Task instructions
Which lines in the entries below contain the string "SilkS"? Show each of them in full.

(Data extracted from a collection)
══════════════════════════════

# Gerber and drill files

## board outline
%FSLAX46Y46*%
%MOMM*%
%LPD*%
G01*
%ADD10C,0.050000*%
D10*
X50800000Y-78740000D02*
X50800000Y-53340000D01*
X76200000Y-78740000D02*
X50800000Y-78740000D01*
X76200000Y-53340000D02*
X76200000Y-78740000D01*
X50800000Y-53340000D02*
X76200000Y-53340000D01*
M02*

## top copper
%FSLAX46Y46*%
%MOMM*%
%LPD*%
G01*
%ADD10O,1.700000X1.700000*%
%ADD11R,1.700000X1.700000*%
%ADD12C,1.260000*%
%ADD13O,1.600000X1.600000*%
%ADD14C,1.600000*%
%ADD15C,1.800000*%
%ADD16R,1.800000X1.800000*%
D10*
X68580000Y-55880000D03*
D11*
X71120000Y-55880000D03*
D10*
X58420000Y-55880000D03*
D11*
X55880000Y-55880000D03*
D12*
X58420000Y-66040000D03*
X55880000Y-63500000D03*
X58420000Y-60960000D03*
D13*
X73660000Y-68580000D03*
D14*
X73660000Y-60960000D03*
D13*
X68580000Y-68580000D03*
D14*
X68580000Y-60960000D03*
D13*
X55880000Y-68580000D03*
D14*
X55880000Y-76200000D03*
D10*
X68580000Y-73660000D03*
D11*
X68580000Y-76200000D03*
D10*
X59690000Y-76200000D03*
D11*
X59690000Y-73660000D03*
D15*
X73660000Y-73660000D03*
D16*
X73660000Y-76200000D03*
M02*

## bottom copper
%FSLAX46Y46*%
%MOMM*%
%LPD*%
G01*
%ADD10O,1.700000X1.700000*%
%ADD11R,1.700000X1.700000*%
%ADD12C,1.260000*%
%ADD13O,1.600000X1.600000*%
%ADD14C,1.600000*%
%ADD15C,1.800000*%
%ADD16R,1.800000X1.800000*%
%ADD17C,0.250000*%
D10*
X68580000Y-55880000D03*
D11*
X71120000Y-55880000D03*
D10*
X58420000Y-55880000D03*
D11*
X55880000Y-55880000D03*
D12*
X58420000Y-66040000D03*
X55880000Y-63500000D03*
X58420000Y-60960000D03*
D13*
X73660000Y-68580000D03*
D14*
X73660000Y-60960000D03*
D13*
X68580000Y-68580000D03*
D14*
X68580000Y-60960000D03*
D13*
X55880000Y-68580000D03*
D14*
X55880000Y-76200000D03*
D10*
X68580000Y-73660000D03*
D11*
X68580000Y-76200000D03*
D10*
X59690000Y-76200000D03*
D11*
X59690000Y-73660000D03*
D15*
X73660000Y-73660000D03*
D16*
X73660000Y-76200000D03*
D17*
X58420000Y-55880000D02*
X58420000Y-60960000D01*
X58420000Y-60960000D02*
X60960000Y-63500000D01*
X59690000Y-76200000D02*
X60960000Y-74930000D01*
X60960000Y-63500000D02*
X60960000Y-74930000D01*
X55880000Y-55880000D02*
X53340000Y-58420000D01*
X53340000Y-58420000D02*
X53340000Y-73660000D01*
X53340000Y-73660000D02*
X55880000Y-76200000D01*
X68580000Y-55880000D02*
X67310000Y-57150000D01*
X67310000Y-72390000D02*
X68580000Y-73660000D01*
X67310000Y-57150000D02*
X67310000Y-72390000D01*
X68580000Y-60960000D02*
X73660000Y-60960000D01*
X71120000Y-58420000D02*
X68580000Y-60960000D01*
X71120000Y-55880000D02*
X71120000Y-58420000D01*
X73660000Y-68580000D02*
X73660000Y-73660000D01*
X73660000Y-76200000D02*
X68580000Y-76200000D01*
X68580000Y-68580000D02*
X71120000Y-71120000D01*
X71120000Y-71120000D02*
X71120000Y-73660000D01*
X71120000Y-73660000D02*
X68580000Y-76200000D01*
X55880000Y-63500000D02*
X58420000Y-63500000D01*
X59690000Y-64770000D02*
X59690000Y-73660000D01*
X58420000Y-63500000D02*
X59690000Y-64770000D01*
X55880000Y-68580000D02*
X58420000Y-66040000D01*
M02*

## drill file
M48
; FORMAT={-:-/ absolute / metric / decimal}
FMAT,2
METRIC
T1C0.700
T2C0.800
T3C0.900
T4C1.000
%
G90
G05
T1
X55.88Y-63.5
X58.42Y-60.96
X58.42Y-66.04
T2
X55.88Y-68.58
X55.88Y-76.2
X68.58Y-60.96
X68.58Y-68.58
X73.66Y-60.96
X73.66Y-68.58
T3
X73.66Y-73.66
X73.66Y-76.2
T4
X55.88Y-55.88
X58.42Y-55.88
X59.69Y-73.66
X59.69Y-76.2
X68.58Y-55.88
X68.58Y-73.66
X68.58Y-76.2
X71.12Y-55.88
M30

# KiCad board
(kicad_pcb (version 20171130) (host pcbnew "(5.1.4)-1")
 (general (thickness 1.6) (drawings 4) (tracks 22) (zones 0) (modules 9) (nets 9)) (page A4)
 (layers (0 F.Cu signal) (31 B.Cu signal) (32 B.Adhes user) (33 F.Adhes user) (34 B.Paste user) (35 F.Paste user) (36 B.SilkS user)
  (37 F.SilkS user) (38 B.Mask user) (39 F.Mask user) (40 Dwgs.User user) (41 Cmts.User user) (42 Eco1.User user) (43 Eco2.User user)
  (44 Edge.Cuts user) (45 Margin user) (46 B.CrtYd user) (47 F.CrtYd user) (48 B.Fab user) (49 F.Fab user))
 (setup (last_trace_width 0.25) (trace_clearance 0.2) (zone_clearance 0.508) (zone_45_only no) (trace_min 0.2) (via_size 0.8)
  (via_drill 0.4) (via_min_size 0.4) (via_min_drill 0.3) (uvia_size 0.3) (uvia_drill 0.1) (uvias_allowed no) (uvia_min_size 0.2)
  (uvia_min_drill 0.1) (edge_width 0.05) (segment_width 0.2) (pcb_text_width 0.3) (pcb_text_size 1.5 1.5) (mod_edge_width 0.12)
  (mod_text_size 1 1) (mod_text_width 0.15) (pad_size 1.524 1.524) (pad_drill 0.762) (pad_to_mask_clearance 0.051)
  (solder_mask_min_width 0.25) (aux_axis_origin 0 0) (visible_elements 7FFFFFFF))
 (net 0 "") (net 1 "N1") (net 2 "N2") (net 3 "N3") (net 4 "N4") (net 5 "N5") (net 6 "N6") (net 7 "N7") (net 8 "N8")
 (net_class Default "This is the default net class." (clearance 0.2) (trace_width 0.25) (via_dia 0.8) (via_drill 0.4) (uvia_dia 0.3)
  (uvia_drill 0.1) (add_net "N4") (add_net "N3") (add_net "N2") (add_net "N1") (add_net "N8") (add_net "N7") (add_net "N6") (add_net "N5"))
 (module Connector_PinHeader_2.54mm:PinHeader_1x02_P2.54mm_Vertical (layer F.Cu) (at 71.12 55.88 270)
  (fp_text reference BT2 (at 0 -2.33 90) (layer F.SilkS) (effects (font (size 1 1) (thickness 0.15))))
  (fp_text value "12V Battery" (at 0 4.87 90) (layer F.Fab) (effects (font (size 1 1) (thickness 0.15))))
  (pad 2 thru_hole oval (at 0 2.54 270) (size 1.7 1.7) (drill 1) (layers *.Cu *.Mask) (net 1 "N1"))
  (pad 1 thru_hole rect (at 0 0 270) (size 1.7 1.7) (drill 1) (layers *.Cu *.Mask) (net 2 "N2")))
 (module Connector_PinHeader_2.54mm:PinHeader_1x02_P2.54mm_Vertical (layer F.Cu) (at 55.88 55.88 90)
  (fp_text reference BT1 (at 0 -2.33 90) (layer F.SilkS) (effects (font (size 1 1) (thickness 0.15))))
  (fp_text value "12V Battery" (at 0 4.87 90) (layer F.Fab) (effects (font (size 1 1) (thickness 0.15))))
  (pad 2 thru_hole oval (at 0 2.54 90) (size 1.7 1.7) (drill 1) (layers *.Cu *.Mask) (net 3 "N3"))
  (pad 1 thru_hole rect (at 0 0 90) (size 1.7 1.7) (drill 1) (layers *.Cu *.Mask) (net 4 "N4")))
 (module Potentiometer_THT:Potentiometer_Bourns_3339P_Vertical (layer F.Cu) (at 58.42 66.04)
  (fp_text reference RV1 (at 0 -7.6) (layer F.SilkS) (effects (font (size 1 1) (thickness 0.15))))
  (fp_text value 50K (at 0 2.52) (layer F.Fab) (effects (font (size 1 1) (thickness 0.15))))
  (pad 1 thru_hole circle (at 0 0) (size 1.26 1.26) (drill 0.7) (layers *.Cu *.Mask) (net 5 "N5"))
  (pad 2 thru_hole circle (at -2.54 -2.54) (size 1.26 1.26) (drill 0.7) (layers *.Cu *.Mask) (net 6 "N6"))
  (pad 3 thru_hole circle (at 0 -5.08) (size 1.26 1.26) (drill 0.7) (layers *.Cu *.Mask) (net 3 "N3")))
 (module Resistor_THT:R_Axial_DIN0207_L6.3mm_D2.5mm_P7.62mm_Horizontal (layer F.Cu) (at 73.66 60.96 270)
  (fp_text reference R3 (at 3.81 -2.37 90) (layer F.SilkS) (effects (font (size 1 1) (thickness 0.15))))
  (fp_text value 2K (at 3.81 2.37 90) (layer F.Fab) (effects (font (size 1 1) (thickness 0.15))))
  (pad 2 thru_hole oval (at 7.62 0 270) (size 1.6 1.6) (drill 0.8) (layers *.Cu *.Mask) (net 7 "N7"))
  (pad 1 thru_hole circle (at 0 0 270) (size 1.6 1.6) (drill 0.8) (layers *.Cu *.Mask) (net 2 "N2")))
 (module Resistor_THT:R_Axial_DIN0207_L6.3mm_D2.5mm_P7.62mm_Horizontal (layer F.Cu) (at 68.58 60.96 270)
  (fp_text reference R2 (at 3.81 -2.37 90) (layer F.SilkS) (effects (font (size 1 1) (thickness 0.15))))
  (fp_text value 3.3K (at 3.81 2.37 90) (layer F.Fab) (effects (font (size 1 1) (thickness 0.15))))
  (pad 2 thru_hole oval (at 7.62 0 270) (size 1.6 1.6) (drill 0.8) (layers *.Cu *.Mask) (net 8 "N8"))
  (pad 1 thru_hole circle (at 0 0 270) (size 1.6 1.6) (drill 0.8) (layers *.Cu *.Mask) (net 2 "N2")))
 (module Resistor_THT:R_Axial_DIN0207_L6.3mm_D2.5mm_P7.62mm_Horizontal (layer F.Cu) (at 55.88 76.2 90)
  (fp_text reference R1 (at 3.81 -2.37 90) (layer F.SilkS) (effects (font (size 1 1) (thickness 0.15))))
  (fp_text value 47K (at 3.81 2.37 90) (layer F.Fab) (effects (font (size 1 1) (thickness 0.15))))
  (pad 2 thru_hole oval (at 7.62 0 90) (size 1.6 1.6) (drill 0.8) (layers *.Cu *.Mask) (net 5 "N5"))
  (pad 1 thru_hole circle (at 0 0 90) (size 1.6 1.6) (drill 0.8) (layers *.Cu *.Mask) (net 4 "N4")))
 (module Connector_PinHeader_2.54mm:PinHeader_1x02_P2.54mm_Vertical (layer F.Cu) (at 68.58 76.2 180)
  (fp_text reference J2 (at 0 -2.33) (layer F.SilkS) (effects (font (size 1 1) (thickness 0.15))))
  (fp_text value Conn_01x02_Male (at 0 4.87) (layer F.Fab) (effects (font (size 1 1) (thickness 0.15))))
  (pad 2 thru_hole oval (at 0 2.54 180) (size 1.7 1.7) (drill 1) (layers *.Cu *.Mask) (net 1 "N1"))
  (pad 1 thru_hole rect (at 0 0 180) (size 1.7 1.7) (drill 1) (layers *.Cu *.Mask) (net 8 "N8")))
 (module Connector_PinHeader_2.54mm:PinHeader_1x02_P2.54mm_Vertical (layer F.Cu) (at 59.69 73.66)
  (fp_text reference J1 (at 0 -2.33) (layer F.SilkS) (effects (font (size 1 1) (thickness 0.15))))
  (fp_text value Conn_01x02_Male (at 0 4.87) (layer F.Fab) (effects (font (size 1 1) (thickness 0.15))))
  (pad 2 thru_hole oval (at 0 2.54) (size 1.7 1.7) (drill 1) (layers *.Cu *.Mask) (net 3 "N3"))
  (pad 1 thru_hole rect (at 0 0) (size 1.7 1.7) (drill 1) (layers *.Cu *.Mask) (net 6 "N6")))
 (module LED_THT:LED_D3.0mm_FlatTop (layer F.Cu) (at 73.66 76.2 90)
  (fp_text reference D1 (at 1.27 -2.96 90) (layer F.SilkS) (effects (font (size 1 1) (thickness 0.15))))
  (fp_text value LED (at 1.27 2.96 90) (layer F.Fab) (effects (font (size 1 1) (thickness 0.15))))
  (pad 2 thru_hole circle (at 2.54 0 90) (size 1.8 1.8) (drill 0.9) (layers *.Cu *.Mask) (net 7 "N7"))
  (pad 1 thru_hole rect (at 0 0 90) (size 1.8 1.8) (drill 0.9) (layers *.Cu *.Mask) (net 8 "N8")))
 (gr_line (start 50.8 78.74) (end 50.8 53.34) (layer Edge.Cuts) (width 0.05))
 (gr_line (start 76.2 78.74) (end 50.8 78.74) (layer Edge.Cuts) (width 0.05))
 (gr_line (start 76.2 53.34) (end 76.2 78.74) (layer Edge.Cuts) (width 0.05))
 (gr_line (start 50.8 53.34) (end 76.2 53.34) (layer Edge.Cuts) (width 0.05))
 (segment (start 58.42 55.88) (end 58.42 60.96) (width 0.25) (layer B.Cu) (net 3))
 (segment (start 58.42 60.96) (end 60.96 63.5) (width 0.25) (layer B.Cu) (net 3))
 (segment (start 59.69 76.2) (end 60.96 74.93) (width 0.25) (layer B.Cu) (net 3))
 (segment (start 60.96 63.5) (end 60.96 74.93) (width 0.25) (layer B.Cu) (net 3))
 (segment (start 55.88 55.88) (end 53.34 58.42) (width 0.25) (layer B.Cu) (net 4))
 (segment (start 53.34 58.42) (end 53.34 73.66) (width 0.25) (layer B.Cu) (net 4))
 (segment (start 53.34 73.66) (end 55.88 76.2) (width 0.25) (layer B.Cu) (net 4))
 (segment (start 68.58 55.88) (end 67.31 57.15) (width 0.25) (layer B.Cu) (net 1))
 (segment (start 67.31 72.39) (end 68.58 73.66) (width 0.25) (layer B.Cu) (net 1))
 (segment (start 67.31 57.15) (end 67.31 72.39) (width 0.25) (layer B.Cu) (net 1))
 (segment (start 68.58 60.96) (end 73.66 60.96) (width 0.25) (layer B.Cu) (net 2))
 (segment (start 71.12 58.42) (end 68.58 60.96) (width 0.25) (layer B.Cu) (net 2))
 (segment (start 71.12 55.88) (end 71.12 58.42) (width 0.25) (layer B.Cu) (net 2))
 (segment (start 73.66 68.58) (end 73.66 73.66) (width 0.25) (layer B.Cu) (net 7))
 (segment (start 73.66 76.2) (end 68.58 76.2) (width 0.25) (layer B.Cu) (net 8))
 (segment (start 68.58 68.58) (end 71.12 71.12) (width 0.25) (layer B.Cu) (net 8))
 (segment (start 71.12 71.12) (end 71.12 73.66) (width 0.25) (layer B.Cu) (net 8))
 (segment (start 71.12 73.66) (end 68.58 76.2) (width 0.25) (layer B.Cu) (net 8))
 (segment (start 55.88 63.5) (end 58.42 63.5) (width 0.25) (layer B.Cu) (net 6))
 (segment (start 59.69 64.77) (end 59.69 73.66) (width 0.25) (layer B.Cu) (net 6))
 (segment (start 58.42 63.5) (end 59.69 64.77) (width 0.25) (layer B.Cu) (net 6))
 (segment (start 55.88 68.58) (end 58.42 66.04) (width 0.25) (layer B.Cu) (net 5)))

══════════════════════════════

Response below
 (layers (0 F.Cu signal) (31 B.Cu signal) (32 B.Adhes user) (33 F.Adhes user) (34 B.Paste user) (35 F.Paste user) (36 B.SilkS user)
  (37 F.SilkS user) (38 B.Mask user) (39 F.Mask user) (40 Dwgs.User user) (41 Cmts.User user) (42 Eco1.User user) (43 Eco2.User user)
  (fp_text reference BT2 (at 0 -2.33 90) (layer F.SilkS) (effects (font (size 1 1) (thickness 0.15))))
  (fp_text reference BT1 (at 0 -2.33 90) (layer F.SilkS) (effects (font (size 1 1) (thickness 0.15))))
  (fp_text reference RV1 (at 0 -7.6) (layer F.SilkS) (effects (font (size 1 1) (thickness 0.15))))
  (fp_text reference R3 (at 3.81 -2.37 90) (layer F.SilkS) (effects (font (size 1 1) (thickness 0.15))))
  (fp_text reference R2 (at 3.81 -2.37 90) (layer F.SilkS) (effects (font (size 1 1) (thickness 0.15))))
  (fp_text reference R1 (at 3.81 -2.37 90) (layer F.SilkS) (effects (font (size 1 1) (thickness 0.15))))
  (fp_text reference J2 (at 0 -2.33) (layer F.SilkS) (effects (font (size 1 1) (thickness 0.15))))
  (fp_text reference J1 (at 0 -2.33) (layer F.SilkS) (effects (font (size 1 1) (thickness 0.15))))
  (fp_text reference D1 (at 1.27 -2.96 90) (layer F.SilkS) (effects (font (size 1 1) (thickness 0.15))))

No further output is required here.